For the past two years, many of us have been affected by mass turmoil happening all around the world in different ways.

For many of us who have been affected by the pandemic, we’ve spent most of our days indoors in isolation, with our eyes glued to social media and TV screens, both of which have been giving us personal, firsthand, and valid perspectives of how systemic injustices and disruption continue to affect those around us.

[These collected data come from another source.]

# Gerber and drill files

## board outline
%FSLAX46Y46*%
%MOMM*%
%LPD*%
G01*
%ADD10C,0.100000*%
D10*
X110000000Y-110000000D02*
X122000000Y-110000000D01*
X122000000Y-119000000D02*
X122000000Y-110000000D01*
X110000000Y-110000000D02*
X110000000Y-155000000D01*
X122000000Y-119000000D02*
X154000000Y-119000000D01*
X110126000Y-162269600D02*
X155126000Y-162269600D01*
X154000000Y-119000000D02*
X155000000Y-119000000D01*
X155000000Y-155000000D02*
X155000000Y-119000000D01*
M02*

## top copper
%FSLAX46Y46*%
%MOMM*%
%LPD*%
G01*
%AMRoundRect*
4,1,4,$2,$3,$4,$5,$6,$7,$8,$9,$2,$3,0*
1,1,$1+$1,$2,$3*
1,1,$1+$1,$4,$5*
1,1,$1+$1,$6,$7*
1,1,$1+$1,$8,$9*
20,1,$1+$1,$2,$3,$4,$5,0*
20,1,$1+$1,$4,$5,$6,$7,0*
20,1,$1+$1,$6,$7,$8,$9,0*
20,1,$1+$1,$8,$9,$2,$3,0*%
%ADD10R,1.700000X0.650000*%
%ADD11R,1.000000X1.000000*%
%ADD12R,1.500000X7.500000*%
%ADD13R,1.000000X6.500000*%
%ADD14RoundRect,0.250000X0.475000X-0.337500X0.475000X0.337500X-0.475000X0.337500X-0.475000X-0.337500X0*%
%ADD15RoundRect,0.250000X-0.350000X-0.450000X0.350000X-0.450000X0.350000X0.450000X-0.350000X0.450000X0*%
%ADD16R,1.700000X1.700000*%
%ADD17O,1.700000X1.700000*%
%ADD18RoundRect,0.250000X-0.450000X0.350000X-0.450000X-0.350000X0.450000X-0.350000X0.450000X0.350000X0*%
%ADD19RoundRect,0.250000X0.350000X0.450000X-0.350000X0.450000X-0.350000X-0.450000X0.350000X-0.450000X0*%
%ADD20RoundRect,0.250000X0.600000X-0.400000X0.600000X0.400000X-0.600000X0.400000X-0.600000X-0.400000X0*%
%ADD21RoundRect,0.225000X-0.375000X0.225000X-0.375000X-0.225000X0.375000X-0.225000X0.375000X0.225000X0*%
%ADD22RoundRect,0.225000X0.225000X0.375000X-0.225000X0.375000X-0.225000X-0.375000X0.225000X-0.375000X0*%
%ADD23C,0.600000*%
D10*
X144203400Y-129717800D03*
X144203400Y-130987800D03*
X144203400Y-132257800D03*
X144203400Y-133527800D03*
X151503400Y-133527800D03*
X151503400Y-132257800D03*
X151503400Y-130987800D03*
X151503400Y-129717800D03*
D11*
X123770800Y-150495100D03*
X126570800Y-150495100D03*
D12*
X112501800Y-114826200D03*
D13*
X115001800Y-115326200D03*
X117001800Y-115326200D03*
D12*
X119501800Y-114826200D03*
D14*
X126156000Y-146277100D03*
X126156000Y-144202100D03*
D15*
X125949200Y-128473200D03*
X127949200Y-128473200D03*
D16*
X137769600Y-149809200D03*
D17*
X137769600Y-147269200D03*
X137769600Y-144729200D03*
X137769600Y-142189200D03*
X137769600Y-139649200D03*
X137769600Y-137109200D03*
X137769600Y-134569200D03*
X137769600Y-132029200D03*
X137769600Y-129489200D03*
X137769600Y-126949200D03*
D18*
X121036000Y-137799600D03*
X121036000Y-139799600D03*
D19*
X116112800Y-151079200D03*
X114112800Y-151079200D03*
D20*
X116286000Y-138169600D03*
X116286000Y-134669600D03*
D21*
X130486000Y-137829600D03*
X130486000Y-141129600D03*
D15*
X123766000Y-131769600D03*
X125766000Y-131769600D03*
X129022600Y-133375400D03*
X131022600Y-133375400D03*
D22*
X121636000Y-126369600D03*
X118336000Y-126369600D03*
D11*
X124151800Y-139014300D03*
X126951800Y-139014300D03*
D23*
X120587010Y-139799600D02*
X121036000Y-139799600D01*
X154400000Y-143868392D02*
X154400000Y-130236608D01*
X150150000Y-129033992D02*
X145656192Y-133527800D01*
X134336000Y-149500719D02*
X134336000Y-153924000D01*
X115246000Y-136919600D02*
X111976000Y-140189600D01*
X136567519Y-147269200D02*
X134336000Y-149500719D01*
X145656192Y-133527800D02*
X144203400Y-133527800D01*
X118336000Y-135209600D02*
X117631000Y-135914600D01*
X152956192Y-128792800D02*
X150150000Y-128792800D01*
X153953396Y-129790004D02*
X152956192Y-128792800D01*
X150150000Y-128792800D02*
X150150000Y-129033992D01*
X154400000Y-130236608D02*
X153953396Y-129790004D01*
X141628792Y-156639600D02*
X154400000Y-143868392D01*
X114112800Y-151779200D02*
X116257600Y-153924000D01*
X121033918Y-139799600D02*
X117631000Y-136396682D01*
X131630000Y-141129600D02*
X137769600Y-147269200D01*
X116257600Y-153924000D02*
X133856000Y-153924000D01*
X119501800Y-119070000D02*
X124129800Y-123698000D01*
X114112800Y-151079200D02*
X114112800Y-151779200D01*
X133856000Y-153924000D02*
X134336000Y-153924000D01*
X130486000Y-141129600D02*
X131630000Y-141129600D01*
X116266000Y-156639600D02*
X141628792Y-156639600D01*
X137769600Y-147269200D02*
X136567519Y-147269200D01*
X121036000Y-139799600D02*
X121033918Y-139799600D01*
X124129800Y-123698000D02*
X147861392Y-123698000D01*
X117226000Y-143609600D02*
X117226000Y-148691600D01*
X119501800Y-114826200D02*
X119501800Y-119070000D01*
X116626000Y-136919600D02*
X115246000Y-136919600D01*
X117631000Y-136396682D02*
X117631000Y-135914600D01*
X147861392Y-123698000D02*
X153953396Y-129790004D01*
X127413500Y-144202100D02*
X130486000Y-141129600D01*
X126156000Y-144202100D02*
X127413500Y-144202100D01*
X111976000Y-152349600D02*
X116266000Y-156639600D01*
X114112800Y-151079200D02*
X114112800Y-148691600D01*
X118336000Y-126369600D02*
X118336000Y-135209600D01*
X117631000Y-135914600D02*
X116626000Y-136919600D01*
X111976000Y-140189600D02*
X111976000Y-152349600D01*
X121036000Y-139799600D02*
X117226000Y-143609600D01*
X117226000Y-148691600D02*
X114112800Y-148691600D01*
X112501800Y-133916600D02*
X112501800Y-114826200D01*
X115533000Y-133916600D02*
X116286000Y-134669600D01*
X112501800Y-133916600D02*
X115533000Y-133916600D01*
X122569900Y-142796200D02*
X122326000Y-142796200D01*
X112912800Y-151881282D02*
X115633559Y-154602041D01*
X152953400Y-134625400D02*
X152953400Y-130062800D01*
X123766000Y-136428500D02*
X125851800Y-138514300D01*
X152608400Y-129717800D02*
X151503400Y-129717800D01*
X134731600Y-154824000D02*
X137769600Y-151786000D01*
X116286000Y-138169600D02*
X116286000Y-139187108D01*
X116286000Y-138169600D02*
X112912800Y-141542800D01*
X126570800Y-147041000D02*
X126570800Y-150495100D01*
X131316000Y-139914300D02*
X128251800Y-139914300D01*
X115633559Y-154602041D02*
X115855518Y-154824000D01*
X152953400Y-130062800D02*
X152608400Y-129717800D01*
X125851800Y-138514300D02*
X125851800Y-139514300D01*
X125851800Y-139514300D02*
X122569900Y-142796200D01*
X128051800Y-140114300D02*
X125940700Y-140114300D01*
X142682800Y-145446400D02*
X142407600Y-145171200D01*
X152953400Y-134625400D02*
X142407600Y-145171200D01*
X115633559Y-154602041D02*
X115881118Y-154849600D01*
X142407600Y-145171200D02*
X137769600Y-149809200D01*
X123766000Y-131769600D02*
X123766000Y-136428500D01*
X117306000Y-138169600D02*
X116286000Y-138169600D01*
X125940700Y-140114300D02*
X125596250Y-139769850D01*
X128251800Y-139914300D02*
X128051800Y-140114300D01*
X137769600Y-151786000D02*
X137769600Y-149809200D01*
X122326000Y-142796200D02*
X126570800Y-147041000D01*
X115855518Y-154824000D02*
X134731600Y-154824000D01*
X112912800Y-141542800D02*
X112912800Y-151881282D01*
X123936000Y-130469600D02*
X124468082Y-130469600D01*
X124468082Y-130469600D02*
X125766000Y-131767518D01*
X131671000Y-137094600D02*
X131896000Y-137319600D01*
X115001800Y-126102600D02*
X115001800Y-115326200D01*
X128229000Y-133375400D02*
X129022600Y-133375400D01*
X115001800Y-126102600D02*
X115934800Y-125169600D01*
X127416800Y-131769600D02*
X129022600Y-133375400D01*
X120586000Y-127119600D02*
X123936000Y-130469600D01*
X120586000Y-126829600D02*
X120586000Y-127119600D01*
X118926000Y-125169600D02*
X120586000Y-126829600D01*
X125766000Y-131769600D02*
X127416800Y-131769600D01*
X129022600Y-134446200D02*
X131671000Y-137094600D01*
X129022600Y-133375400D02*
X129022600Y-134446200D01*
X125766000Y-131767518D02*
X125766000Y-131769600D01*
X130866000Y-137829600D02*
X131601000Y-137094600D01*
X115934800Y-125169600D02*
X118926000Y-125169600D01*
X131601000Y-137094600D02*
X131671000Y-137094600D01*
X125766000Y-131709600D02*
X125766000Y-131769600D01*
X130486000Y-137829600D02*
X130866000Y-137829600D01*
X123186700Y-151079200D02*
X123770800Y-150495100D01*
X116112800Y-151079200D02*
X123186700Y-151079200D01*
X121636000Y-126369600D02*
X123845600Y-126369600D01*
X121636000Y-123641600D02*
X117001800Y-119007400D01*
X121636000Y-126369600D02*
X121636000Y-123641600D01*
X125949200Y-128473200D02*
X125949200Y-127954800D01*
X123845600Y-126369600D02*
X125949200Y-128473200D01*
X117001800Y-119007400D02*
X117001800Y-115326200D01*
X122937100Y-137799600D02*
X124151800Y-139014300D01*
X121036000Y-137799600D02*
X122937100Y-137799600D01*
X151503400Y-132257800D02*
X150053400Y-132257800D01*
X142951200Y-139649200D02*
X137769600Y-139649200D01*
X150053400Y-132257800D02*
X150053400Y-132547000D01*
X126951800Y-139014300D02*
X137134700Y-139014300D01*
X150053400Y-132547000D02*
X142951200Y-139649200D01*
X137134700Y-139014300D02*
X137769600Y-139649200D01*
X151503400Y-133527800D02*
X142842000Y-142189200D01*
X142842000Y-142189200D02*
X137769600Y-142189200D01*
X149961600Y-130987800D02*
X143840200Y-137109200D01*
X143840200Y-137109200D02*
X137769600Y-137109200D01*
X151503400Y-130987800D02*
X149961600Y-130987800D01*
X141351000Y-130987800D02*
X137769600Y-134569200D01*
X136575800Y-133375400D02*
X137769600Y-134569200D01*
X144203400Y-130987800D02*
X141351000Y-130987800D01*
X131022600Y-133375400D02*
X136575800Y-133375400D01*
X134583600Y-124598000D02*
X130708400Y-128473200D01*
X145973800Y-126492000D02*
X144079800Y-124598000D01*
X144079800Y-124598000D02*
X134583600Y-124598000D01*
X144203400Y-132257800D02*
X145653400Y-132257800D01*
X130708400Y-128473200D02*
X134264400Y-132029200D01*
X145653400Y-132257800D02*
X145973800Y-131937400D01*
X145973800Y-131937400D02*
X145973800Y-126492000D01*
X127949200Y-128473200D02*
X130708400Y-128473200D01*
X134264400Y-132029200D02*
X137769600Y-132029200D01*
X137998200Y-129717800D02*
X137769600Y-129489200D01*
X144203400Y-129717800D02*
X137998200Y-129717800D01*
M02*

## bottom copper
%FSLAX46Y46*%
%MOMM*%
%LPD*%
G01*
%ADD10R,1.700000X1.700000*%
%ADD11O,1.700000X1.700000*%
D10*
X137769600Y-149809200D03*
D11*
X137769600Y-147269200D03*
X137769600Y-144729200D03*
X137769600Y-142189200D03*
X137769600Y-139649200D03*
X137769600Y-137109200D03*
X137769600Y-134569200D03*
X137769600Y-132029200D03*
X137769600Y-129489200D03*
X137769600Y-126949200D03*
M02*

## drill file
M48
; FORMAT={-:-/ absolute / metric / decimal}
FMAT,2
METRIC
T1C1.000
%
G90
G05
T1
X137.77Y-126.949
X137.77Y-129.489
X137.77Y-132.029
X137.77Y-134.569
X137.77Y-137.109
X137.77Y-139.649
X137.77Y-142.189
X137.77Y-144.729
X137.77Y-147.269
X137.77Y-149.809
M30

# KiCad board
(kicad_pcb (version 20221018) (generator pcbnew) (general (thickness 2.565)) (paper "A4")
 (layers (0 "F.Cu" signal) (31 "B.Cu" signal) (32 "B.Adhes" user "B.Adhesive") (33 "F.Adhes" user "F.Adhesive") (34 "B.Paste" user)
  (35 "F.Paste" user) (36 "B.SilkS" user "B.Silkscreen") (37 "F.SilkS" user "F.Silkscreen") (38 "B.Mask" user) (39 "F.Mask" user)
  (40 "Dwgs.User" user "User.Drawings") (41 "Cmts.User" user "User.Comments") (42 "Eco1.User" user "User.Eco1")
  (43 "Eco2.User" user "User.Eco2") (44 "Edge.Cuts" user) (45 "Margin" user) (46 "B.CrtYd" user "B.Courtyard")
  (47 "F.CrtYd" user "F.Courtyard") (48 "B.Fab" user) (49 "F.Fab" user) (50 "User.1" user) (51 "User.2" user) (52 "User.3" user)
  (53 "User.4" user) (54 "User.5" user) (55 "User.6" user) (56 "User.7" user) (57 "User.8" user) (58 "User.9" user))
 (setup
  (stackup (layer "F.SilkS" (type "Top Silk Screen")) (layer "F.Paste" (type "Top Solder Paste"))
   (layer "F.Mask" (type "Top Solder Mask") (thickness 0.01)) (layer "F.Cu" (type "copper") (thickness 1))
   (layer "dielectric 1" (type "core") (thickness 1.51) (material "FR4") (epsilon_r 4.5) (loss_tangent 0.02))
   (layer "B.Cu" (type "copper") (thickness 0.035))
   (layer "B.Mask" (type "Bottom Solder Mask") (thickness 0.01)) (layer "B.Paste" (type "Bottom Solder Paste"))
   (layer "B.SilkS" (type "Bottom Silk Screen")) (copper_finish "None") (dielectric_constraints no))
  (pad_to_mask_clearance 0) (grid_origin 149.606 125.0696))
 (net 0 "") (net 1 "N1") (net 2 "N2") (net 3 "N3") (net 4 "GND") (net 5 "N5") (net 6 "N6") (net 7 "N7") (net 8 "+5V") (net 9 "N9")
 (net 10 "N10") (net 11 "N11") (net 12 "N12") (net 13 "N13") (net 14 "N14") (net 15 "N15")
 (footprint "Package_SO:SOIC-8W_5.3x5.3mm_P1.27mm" (layer "F.Cu") (at 147.8534 131.6228)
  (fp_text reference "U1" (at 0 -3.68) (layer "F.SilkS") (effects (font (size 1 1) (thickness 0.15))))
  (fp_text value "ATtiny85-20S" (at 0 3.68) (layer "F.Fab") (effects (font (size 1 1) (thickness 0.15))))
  (pad "1" smd rect (at -3.65 -1.905) (size 1.7 0.65) (layers "F.Cu" "F.Paste" "F.Mask") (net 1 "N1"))
  (pad "2" smd rect (at -3.65 -0.635) (size 1.7 0.65) (layers "F.Cu" "F.Paste" "F.Mask") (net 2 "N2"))
  (pad "3" smd rect (at -3.65 0.635) (size 1.7 0.65) (layers "F.Cu" "F.Paste" "F.Mask") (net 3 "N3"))
  (pad "4" smd rect (at -3.65 1.905) (size 1.7 0.65) (layers "F.Cu" "F.Paste" "F.Mask") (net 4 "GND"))
  (pad "5" smd rect (at 3.65 1.905) (size 1.7 0.65) (layers "F.Cu" "F.Paste" "F.Mask") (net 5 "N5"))
  (pad "6" smd rect (at 3.65 0.635) (size 1.7 0.65) (layers "F.Cu" "F.Paste" "F.Mask") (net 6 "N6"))
  (pad "7" smd rect (at 3.65 -0.635) (size 1.7 0.65) (layers "F.Cu" "F.Paste" "F.Mask") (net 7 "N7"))
  (pad "8" smd rect (at 3.65 -1.905) (size 1.7 0.65) (layers "F.Cu" "F.Paste" "F.Mask") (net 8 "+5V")))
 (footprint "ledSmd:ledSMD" (layer "F.Cu") (at 125.5708 150.4951)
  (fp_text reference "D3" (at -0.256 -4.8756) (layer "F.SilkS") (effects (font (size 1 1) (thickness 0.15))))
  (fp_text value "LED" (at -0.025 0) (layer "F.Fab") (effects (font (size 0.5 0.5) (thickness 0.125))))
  (pad "1" smd rect (at -1.8 0) (size 1 1) (layers "F.Cu" "F.Paste" "F.Mask") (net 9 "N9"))
  (pad "2" smd rect (at 1 0) (size 1 1) (layers "F.Cu" "F.Paste" "F.Mask") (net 8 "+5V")))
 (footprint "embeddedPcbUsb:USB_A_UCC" (layer "F.Cu") (at 116.0018 115.0262 -90)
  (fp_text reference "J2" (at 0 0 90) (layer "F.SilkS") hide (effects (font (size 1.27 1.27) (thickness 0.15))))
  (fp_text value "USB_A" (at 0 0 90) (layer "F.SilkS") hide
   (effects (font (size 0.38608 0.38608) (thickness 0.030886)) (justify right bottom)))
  (pad "1" smd rect (at -0.2 3.5 270) (size 7.5 1.5) (layers "F.Cu" "F.Paste" "F.Mask") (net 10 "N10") (solder_mask_margin 0.1016))
  (pad "2" smd rect (at 0.3 1 270) (size 6.5 1) (layers "F.Cu" "F.Paste" "F.Mask") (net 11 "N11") (solder_mask_margin 0.1016))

As a queer Asian American advocate that uses social media as a platform to create awareness about social and racial issues, I found myself becoming more and more frustrated, angry, and then ultimately burnt out about all of the harm that continues to perpatuate the communities that I am a part of. On several occasions, I’d log onto social media in the morning and scroll through consecutive posts of people that look like me, getting attacked. Although I knew posts like this triggered me, I also felt like I couldn’t look away– If I ignored or looked away from triggering posts, I felt guilty and the last thing I wanted was to be ignorant to suffering.

But as months went by, I found myself feeling deeply hopeless.

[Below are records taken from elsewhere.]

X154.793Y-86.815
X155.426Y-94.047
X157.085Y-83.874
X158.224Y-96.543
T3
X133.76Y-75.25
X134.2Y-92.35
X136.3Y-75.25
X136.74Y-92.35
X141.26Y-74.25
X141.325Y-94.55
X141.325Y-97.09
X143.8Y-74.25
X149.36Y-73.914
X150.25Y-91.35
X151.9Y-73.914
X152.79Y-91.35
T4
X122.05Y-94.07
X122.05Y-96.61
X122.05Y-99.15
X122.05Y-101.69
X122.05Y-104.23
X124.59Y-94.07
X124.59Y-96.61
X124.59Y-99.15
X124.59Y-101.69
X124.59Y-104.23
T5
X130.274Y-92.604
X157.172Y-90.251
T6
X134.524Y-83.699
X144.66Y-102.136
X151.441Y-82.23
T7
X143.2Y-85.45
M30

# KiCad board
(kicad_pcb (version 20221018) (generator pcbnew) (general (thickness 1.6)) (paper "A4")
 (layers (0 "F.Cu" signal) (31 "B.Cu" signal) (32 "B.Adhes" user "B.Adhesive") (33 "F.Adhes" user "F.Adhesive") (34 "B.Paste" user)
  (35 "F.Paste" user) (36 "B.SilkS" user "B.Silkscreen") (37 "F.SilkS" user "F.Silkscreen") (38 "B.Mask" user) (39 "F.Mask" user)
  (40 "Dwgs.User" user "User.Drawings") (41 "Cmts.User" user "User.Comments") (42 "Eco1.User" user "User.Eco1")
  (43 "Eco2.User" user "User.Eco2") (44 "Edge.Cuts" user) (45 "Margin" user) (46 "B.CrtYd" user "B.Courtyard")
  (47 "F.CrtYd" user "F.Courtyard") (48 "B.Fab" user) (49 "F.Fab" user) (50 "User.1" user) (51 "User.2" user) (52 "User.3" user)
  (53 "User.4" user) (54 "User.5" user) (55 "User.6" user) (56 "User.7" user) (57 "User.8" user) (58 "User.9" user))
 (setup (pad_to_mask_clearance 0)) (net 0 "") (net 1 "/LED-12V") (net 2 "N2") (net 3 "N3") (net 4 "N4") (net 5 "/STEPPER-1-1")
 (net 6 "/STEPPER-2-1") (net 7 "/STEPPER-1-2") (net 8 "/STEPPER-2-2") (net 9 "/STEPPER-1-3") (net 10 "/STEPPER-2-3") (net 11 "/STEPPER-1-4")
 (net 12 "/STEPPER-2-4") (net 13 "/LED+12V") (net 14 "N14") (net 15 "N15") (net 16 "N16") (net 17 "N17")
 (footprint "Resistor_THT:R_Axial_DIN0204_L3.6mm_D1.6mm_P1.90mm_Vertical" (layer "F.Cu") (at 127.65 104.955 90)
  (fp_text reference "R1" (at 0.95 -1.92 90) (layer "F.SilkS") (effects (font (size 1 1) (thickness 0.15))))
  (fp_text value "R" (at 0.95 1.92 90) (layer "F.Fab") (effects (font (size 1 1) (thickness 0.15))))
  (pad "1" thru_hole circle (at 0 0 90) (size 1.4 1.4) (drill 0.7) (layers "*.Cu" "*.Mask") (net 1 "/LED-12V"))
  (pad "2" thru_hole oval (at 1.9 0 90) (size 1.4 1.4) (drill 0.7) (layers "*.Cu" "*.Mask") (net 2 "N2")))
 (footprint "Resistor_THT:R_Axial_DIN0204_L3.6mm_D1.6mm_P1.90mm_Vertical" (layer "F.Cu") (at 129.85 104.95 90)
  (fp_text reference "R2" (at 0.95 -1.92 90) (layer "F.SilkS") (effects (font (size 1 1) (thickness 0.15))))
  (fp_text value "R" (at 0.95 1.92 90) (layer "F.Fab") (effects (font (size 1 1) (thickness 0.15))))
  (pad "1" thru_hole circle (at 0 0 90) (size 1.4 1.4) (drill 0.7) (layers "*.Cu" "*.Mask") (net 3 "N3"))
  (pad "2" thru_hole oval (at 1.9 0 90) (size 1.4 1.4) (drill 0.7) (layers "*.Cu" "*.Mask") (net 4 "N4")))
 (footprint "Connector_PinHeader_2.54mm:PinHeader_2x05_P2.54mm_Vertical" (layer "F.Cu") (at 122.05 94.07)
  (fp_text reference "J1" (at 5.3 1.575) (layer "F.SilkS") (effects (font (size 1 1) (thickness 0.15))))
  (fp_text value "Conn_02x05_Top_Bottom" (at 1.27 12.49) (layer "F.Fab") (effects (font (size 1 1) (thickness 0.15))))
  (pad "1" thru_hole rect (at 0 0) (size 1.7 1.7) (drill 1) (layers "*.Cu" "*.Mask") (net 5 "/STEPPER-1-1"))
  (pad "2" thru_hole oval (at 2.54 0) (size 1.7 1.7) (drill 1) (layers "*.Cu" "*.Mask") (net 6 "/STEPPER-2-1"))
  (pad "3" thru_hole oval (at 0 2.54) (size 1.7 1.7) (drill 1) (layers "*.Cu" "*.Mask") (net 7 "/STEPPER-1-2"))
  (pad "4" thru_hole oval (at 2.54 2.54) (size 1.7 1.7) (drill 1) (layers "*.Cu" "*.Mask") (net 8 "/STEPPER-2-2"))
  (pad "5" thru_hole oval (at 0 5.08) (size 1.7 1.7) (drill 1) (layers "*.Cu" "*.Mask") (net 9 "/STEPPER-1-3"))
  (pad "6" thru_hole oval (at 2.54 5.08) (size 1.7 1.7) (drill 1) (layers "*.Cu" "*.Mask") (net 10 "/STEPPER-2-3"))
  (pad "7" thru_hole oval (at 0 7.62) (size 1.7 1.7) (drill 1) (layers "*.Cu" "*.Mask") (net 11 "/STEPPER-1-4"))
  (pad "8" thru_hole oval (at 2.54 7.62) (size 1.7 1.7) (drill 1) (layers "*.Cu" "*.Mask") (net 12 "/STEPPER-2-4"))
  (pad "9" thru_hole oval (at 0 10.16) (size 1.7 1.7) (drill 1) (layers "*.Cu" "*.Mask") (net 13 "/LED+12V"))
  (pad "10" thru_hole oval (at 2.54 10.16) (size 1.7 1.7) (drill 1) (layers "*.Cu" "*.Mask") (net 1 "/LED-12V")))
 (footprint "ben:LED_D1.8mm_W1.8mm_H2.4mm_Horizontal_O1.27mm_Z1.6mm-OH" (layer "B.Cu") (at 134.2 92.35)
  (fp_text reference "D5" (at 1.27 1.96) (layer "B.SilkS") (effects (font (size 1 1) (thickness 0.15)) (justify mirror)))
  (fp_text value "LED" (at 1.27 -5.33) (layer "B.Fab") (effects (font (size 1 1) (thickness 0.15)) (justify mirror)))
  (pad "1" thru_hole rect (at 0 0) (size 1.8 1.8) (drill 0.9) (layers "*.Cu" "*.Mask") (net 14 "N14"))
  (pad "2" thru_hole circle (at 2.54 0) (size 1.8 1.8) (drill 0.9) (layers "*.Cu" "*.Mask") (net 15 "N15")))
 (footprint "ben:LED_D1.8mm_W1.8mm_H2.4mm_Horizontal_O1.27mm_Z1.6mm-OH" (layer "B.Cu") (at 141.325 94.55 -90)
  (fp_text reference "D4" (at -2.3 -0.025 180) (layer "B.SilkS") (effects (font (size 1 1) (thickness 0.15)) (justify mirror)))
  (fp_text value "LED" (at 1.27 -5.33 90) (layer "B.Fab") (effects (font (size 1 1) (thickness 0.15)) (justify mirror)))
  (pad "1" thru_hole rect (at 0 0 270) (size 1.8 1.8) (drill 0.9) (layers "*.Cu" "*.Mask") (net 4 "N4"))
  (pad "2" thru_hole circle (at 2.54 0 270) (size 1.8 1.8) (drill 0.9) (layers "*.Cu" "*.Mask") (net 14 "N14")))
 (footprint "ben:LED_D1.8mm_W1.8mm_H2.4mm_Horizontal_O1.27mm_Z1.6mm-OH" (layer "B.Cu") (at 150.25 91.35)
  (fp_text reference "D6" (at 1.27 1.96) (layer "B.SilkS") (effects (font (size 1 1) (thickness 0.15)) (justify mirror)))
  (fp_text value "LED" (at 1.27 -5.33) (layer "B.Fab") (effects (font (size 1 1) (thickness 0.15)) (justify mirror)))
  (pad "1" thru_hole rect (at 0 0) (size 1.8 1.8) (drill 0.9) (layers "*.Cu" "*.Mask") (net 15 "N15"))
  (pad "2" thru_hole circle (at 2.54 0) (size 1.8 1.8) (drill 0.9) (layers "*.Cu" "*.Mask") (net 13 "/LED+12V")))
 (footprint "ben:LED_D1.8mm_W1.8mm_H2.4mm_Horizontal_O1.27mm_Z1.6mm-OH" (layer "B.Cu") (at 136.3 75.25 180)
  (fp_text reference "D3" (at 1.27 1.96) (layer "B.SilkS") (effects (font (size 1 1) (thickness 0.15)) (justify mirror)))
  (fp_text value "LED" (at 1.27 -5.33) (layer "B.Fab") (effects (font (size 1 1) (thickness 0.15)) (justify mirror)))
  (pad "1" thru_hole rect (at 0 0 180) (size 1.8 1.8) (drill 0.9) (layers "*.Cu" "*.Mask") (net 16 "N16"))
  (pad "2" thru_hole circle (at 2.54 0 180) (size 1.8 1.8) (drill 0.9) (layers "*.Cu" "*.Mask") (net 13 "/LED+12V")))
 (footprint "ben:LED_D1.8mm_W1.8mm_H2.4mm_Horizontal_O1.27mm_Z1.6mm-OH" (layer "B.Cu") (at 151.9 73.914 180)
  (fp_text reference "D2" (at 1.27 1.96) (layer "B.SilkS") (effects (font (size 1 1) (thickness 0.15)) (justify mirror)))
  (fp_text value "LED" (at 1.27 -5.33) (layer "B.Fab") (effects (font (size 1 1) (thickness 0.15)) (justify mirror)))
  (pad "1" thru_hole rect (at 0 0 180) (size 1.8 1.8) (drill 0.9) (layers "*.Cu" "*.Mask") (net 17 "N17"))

I struggled getting out of bed. I isolated myself from communities in fear of being misunderstood. For months, I was terrified to leave my house because I felt like the world was truly just an evil place, and my life was in constant danger. I feared the world.

Even though I would create content for social media that centered advocating for equity and justice, I was angry offline, and would unknowingly re-traumatize myself by viewing other peoples’ equally distressing posts rooted in their own racial trauma. And for the longest time, I didn’t even realize that my posts, while informative, may have also inflicted my internal, unhealed, trauma onto others.

After talking to several people who work in the activism space, I learned that feeling exhausted, hopeless, and burnt out is extremely common, and in many ways, even normalized.

“This is why self care is so crucial in this space. If I don’t double down on my self care, I can’t do it,” my friend, who is an organizer, said.

I knew that personally (and due to protecting my own mental wellbeing), aligning myself to my trauma isn’t how I wanted to continue living. Like many others, I was tired of being tired.

After years of feeling a heavy obligation to constantly be in tune with all of the world’s issues, I finally entertained the idea of rest and what it means to encompass radical joy. And embodying rest and joy wasn’t as simple as a night-and-day mindset shift; It has been continuous internal work that involves reminding ourselves that despite all of the emotional and mental hardships that life continues to throw at us, we don’t need to stay where we are at.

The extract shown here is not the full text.